RECORDS FOR THE EXERCISE
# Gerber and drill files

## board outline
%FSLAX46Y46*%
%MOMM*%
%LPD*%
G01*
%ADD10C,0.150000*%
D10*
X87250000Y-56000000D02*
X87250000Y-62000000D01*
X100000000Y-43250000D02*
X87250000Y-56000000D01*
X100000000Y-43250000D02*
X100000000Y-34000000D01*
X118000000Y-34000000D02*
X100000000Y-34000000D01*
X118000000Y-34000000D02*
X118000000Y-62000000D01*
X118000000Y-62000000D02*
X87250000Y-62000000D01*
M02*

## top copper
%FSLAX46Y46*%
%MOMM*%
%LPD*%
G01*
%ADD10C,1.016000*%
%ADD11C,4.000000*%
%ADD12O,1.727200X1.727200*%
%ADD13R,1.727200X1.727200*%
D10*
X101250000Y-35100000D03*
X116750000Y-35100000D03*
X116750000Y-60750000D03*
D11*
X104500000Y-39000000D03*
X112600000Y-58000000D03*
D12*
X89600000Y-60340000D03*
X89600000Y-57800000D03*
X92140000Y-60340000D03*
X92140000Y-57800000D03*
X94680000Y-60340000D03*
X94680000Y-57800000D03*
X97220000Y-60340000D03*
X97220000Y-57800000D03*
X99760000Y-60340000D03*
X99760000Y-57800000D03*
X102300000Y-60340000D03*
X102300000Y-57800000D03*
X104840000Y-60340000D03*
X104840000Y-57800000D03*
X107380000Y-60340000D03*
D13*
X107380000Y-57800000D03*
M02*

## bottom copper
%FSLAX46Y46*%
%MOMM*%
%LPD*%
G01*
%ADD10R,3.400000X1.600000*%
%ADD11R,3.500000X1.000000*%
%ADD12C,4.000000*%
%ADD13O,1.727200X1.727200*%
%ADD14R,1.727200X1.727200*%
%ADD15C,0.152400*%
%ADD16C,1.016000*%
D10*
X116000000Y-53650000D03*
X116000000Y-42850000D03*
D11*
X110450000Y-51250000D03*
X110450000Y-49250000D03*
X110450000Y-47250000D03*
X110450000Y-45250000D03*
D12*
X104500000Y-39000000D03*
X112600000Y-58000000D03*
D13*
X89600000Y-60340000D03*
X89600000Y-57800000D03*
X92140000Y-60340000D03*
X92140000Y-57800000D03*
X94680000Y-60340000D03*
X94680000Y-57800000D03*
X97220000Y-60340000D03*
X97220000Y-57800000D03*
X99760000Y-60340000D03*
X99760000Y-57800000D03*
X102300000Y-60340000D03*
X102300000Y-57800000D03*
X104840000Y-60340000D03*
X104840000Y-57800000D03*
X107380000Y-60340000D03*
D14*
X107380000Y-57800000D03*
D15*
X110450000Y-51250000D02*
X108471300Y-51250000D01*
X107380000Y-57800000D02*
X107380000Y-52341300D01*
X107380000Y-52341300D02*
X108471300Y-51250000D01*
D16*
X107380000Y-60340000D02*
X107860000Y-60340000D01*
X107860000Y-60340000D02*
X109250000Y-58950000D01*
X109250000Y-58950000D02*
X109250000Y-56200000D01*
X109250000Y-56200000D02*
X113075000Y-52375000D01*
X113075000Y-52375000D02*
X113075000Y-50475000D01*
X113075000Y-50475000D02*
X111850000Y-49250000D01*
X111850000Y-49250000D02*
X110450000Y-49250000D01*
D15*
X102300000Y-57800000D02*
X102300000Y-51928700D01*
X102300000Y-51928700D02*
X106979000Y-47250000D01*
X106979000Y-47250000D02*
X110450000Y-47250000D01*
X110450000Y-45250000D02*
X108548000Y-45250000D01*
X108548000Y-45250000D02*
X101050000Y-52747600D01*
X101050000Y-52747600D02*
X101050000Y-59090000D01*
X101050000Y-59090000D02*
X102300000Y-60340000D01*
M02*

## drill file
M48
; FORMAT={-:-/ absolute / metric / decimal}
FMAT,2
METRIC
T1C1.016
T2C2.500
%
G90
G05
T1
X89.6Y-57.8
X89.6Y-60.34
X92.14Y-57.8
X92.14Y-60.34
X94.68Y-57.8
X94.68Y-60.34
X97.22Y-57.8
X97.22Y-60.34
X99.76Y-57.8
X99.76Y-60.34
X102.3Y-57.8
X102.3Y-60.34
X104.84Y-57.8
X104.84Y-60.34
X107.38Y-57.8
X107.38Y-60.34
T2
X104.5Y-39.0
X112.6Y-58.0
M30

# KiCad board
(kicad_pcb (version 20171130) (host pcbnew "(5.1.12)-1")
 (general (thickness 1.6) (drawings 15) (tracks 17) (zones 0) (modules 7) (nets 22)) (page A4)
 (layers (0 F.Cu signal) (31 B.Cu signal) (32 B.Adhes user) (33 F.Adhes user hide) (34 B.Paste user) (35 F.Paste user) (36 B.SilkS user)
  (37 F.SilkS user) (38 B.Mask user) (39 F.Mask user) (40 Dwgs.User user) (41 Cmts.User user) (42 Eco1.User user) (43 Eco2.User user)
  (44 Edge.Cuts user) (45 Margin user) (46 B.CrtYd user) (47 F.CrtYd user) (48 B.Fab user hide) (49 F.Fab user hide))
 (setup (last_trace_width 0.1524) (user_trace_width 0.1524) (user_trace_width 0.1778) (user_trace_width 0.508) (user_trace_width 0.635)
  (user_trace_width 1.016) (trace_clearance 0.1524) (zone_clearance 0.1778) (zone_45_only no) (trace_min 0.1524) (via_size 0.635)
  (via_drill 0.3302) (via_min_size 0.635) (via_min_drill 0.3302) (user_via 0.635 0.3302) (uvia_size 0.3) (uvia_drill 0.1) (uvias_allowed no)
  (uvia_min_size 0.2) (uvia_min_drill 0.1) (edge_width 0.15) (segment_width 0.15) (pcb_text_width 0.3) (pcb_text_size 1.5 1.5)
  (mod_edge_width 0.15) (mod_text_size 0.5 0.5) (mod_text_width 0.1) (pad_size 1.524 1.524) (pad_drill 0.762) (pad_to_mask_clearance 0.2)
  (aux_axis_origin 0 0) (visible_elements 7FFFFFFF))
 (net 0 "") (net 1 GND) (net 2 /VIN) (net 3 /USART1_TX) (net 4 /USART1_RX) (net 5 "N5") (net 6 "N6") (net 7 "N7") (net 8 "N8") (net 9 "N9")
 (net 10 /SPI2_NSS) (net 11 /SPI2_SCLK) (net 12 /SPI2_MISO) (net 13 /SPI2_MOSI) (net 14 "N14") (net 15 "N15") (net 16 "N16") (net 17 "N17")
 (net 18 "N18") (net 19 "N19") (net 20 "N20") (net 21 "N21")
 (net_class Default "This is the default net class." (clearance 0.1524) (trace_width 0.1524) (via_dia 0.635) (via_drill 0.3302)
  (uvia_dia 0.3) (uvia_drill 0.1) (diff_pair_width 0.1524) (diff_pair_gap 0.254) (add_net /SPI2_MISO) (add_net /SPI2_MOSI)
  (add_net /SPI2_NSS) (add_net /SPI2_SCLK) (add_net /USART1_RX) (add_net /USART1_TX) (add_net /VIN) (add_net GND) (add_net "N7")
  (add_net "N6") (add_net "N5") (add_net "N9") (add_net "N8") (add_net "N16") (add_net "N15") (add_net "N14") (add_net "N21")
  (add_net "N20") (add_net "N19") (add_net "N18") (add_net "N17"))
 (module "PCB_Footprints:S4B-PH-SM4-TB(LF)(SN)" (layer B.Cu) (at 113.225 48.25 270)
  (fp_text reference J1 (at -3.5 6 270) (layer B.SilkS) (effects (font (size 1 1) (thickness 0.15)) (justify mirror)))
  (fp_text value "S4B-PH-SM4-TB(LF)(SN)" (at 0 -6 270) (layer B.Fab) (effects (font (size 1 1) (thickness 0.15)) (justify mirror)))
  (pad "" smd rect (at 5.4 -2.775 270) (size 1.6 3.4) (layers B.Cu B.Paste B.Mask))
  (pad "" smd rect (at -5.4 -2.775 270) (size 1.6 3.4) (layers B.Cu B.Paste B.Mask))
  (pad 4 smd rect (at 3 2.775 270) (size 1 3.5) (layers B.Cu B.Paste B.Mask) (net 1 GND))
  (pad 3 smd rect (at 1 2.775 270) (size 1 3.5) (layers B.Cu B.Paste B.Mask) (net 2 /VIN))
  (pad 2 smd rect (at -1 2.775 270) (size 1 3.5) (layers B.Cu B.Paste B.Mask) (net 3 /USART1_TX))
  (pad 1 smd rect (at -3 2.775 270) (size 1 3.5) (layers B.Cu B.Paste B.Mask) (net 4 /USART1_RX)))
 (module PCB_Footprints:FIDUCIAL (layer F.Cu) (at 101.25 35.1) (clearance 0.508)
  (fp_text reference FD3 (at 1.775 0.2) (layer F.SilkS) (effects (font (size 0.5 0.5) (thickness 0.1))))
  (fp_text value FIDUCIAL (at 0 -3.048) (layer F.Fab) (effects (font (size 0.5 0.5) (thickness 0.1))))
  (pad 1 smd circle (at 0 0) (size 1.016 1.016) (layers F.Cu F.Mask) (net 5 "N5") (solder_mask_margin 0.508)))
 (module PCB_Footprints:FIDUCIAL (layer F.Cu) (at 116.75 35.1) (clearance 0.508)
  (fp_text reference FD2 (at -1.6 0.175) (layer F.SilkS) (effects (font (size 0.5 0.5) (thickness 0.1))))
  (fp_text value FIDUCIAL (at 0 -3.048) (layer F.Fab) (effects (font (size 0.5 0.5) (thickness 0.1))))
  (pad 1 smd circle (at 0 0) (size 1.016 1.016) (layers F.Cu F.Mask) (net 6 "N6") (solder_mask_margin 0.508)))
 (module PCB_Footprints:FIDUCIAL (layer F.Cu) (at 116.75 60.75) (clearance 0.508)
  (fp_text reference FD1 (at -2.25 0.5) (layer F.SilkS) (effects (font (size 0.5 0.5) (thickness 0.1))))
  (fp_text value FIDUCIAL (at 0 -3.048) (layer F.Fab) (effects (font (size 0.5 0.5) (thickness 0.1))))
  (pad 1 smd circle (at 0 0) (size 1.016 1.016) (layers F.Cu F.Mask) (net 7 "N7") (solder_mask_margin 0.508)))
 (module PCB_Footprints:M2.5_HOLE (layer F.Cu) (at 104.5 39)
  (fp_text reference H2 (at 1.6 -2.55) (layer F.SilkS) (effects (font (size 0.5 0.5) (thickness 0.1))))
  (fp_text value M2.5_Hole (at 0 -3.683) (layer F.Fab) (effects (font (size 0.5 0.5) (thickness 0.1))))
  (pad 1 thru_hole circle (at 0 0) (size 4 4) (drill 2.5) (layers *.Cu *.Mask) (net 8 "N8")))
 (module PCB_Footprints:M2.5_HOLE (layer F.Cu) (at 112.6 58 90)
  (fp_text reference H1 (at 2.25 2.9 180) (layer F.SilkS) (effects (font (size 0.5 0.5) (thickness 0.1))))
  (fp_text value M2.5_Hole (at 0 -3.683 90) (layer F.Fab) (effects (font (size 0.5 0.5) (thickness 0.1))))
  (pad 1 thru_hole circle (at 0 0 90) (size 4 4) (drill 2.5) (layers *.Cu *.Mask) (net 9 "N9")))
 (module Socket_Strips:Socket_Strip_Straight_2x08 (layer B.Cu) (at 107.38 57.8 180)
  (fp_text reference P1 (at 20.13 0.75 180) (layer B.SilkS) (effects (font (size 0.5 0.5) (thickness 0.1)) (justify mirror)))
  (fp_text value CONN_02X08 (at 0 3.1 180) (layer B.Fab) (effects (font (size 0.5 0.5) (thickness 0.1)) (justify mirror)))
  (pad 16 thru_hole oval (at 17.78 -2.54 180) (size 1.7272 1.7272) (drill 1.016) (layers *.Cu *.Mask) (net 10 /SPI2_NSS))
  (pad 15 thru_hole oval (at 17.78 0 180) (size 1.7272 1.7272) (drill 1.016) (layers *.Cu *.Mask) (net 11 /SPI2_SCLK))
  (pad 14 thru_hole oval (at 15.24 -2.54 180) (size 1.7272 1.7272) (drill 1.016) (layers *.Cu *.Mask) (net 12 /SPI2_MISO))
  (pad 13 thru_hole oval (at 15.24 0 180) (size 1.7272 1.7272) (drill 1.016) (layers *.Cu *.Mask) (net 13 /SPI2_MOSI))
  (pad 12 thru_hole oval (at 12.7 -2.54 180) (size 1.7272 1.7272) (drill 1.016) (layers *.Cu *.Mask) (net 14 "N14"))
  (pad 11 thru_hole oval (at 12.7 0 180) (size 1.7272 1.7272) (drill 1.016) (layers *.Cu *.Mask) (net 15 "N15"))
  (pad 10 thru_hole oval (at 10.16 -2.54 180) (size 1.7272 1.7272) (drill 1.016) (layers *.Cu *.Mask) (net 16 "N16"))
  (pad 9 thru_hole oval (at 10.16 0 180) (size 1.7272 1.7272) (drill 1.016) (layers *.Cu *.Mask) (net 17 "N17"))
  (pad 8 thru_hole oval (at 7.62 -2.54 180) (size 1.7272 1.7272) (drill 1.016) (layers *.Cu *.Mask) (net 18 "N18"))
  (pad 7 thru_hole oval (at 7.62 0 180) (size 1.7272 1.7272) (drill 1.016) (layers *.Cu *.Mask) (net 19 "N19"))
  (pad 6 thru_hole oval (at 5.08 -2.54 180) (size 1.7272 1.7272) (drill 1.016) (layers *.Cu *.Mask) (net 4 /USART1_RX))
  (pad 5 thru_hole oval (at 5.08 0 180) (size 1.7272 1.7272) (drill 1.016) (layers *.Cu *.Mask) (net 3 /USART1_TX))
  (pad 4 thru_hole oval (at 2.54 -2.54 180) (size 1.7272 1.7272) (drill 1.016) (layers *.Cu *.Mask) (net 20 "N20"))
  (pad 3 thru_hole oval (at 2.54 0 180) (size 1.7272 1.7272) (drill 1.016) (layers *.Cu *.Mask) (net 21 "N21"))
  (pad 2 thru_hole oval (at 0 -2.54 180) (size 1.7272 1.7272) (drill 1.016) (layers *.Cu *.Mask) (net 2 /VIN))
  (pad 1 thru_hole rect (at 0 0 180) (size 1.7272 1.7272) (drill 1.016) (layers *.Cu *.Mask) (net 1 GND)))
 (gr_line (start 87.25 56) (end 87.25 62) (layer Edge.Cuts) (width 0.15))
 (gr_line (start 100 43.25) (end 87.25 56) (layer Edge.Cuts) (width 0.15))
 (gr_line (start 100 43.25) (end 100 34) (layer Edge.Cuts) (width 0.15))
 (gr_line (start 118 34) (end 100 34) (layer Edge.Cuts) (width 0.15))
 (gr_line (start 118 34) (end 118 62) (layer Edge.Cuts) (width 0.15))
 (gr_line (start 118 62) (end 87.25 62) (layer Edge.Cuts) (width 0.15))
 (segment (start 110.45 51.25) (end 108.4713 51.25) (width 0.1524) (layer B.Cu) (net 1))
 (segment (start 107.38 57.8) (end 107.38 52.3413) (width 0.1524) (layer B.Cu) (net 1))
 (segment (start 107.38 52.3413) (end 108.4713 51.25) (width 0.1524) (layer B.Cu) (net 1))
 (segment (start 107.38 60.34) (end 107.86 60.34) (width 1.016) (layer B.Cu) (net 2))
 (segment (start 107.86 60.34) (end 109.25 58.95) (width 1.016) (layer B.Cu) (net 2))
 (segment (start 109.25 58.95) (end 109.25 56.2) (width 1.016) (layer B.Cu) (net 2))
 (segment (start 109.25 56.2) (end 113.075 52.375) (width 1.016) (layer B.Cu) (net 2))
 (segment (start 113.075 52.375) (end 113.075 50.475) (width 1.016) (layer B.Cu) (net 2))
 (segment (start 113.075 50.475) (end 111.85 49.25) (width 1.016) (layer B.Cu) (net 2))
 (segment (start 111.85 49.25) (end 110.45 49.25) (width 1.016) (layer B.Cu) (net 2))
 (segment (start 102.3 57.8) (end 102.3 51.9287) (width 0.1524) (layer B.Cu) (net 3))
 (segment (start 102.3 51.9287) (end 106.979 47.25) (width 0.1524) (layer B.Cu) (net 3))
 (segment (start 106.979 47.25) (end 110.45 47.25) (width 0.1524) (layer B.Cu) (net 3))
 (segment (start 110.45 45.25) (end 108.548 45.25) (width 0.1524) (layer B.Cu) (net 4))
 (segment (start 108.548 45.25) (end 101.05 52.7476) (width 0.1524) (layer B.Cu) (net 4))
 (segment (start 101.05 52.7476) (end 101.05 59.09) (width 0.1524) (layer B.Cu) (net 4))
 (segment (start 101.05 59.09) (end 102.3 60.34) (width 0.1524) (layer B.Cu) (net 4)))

...

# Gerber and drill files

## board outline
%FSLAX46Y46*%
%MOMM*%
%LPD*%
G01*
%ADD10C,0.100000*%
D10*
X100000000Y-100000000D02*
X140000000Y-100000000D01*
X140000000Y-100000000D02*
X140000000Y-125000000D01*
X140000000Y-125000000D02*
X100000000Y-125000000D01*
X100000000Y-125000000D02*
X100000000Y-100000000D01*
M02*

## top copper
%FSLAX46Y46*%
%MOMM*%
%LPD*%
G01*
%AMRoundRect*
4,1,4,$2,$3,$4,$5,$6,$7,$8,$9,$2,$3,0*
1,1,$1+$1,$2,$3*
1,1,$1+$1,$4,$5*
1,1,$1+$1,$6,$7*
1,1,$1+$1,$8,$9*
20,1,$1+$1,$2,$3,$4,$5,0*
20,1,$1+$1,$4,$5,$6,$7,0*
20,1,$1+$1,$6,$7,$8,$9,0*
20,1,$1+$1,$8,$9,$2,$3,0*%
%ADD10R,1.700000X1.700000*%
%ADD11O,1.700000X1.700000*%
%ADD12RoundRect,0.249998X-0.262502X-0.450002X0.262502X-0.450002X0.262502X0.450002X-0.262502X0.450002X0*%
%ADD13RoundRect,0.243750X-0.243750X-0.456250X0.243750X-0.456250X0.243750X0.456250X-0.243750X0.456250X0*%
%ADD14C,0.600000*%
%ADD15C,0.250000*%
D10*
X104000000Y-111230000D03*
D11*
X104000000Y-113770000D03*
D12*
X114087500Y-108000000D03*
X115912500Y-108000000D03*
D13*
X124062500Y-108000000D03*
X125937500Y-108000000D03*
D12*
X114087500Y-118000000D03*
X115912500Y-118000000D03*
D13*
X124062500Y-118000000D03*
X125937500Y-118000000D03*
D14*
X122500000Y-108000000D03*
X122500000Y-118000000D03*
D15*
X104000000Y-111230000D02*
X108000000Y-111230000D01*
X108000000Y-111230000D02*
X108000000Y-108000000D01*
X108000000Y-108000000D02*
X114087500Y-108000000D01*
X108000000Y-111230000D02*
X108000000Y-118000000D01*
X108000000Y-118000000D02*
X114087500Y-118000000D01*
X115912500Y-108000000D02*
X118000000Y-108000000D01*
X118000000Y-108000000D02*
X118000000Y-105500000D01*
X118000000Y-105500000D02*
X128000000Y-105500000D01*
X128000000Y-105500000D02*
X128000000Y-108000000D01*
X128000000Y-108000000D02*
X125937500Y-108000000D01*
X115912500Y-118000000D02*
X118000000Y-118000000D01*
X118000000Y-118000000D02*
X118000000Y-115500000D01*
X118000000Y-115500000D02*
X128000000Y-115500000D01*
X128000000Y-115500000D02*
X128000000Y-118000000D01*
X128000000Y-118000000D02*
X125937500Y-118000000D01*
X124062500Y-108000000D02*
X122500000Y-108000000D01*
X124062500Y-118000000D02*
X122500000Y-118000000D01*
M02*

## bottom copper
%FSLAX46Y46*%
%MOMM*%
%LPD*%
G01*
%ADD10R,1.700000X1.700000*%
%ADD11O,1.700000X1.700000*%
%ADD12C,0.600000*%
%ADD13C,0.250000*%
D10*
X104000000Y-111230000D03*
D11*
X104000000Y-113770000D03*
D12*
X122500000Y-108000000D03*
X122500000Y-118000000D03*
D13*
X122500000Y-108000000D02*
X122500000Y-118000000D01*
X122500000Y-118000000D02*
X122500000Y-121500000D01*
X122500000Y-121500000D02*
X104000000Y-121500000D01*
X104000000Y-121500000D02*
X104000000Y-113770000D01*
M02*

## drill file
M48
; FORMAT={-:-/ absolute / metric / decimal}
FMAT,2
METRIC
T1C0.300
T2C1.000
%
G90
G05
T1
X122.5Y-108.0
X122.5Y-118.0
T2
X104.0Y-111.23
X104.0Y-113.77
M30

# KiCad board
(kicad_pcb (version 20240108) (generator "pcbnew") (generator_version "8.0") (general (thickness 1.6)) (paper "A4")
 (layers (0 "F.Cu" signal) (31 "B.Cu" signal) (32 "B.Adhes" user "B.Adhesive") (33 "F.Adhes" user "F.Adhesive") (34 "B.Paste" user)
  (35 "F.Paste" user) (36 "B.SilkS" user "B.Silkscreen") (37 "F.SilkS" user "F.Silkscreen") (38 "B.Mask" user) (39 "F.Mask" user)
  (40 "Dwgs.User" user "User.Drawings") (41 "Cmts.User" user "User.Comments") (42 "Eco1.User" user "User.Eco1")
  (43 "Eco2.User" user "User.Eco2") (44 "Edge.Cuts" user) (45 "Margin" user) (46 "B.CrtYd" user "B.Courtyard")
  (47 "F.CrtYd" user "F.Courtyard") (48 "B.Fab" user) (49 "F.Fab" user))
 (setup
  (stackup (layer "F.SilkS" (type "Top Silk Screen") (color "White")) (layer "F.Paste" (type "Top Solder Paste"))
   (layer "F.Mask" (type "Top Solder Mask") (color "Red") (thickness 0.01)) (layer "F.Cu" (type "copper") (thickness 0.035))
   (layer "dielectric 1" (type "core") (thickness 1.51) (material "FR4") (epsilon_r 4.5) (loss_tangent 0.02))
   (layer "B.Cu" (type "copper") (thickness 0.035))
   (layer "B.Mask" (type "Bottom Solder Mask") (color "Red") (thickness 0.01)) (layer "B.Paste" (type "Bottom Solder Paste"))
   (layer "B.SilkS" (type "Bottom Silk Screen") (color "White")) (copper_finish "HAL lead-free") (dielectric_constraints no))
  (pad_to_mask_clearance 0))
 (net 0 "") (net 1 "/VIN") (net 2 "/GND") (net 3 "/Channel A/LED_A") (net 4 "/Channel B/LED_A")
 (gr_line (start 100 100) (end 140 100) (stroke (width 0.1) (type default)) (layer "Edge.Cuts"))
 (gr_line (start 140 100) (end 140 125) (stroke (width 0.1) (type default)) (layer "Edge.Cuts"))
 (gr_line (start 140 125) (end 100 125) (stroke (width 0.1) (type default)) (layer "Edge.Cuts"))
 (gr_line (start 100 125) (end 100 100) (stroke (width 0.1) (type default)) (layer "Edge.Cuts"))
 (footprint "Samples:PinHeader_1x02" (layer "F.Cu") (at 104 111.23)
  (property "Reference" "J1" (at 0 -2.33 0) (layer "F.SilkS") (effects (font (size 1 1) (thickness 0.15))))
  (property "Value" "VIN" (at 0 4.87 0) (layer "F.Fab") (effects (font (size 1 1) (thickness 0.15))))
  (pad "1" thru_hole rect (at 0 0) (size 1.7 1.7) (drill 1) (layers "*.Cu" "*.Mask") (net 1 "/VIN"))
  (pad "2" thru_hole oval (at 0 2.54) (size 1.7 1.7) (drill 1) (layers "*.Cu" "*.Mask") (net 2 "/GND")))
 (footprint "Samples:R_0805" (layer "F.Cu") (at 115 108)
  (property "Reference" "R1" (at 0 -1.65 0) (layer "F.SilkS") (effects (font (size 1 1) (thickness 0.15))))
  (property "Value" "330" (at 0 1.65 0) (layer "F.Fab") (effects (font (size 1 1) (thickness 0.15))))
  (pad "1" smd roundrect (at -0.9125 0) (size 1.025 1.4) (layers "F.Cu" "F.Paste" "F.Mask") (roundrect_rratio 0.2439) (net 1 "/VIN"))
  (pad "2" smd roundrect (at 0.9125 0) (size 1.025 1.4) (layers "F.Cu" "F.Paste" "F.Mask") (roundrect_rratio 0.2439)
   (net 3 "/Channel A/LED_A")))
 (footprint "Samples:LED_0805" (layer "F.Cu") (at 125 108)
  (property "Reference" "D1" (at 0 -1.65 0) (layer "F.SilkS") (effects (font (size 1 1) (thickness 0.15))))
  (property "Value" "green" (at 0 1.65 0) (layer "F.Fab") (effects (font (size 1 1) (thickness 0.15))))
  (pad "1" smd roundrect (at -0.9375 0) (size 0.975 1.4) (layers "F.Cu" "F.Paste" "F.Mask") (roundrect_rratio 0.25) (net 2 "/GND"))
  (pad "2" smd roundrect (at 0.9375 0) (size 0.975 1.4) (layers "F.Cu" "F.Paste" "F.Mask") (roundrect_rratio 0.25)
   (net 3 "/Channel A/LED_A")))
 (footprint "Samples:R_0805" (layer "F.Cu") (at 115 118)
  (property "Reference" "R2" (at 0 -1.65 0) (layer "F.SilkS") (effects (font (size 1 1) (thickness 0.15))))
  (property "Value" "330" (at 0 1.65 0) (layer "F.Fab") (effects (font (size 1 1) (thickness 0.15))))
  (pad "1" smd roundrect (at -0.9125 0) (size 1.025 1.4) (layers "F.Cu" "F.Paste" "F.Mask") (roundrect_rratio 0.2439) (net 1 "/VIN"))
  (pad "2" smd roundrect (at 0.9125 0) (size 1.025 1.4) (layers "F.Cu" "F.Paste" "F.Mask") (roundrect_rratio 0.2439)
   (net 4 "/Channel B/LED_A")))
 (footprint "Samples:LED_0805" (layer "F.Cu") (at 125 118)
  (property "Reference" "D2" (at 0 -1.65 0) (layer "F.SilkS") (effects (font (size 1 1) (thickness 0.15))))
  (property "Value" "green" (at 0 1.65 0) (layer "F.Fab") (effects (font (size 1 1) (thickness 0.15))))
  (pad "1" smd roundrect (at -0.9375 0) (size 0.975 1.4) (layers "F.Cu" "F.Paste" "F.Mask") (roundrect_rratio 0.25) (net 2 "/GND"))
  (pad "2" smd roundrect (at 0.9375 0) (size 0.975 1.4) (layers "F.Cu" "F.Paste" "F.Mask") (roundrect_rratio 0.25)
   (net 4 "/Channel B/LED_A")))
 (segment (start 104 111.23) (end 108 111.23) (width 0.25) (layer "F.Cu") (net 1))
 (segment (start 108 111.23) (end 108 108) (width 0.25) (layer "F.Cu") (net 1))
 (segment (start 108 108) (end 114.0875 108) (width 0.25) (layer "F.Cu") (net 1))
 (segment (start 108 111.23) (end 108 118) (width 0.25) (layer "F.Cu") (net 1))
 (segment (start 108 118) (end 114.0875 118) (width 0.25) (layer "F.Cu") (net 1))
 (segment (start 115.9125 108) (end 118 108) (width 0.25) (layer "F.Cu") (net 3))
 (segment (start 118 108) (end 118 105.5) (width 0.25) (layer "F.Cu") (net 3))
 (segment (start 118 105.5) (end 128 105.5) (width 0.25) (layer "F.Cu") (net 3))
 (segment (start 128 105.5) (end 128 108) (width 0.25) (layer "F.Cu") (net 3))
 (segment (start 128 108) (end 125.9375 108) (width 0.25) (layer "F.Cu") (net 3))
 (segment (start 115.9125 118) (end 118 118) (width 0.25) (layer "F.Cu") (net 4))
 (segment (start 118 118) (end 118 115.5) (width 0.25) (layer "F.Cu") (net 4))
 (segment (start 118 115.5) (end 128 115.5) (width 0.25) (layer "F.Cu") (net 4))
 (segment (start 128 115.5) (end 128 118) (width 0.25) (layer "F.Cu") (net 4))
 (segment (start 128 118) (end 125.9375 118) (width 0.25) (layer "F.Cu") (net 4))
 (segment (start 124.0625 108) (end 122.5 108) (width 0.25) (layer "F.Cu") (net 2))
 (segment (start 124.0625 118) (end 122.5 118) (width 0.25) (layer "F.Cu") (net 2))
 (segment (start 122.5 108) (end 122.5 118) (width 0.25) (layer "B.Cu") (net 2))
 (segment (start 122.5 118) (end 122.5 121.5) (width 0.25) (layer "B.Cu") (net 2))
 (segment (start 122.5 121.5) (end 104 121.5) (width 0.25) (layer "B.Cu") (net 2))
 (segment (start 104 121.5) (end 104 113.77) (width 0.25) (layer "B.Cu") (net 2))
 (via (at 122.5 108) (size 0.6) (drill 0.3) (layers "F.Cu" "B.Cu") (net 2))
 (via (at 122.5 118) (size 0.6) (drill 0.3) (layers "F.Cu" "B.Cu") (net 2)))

ASSIGNED TASK
Would you retype the lines above from the one with "(general (thickness 1.6) (drawings" down to the one with "0.635) (via_drill 0.3302)", word for word, both ends included and no other lines?

TASK ANSWER
 (general (thickness 1.6) (drawings 15) (tracks 17) (zones 0) (modules 7) (nets 22)) (page A4)
 (layers (0 F.Cu signal) (31 B.Cu signal) (32 B.Adhes user) (33 F.Adhes user hide) (34 B.Paste user) (35 F.Paste user) (36 B.SilkS user)
  (37 F.SilkS user) (38 B.Mask user) (39 F.Mask user) (40 Dwgs.User user) (41 Cmts.User user) (42 Eco1.User user) (43 Eco2.User user)
  (44 Edge.Cuts user) (45 Margin user) (46 B.CrtYd user) (47 F.CrtYd user) (48 B.Fab user hide) (49 F.Fab user hide))
 (setup (last_trace_width 0.1524) (user_trace_width 0.1524) (user_trace_width 0.1778) (user_trace_width 0.508) (user_trace_width 0.635)
  (user_trace_width 1.016) (trace_clearance 0.1524) (zone_clearance 0.1778) (zone_45_only no) (trace_min 0.1524) (via_size 0.635)
  (via_drill 0.3302) (via_min_size 0.635) (via_min_drill 0.3302) (user_via 0.635 0.3302) (uvia_size 0.3) (uvia_drill 0.1) (uvias_allowed no)
  (uvia_min_size 0.2) (uvia_min_drill 0.1) (edge_width 0.15) (segment_width 0.15) (pcb_text_width 0.3) (pcb_text_size 1.5 1.5)
  (mod_edge_width 0.15) (mod_text_size 0.5 0.5) (mod_text_width 0.1) (pad_size 1.524 1.524) (pad_drill 0.762) (pad_to_mask_clearance 0.2)
  (aux_axis_origin 0 0) (visible_elements 7FFFFFFF))
 (net 0 "") (net 1 GND) (net 2 /VIN) (net 3 /USART1_TX) (net 4 /USART1_RX) (net 5 "N5") (net 6 "N6") (net 7 "N7") (net 8 "N8") (net 9 "N9")
 (net 10 /SPI2_NSS) (net 11 /SPI2_SCLK) (net 12 /SPI2_MISO) (net 13 /SPI2_MOSI) (net 14 "N14") (net 15 "N15") (net 16 "N16") (net 17 "N17")
 (net 18 "N18") (net 19 "N19") (net 20 "N20") (net 21 "N21")
 (net_class Default "This is the default net class." (clearance 0.1524) (trace_width 0.1524) (via_dia 0.635) (via_drill 0.3302)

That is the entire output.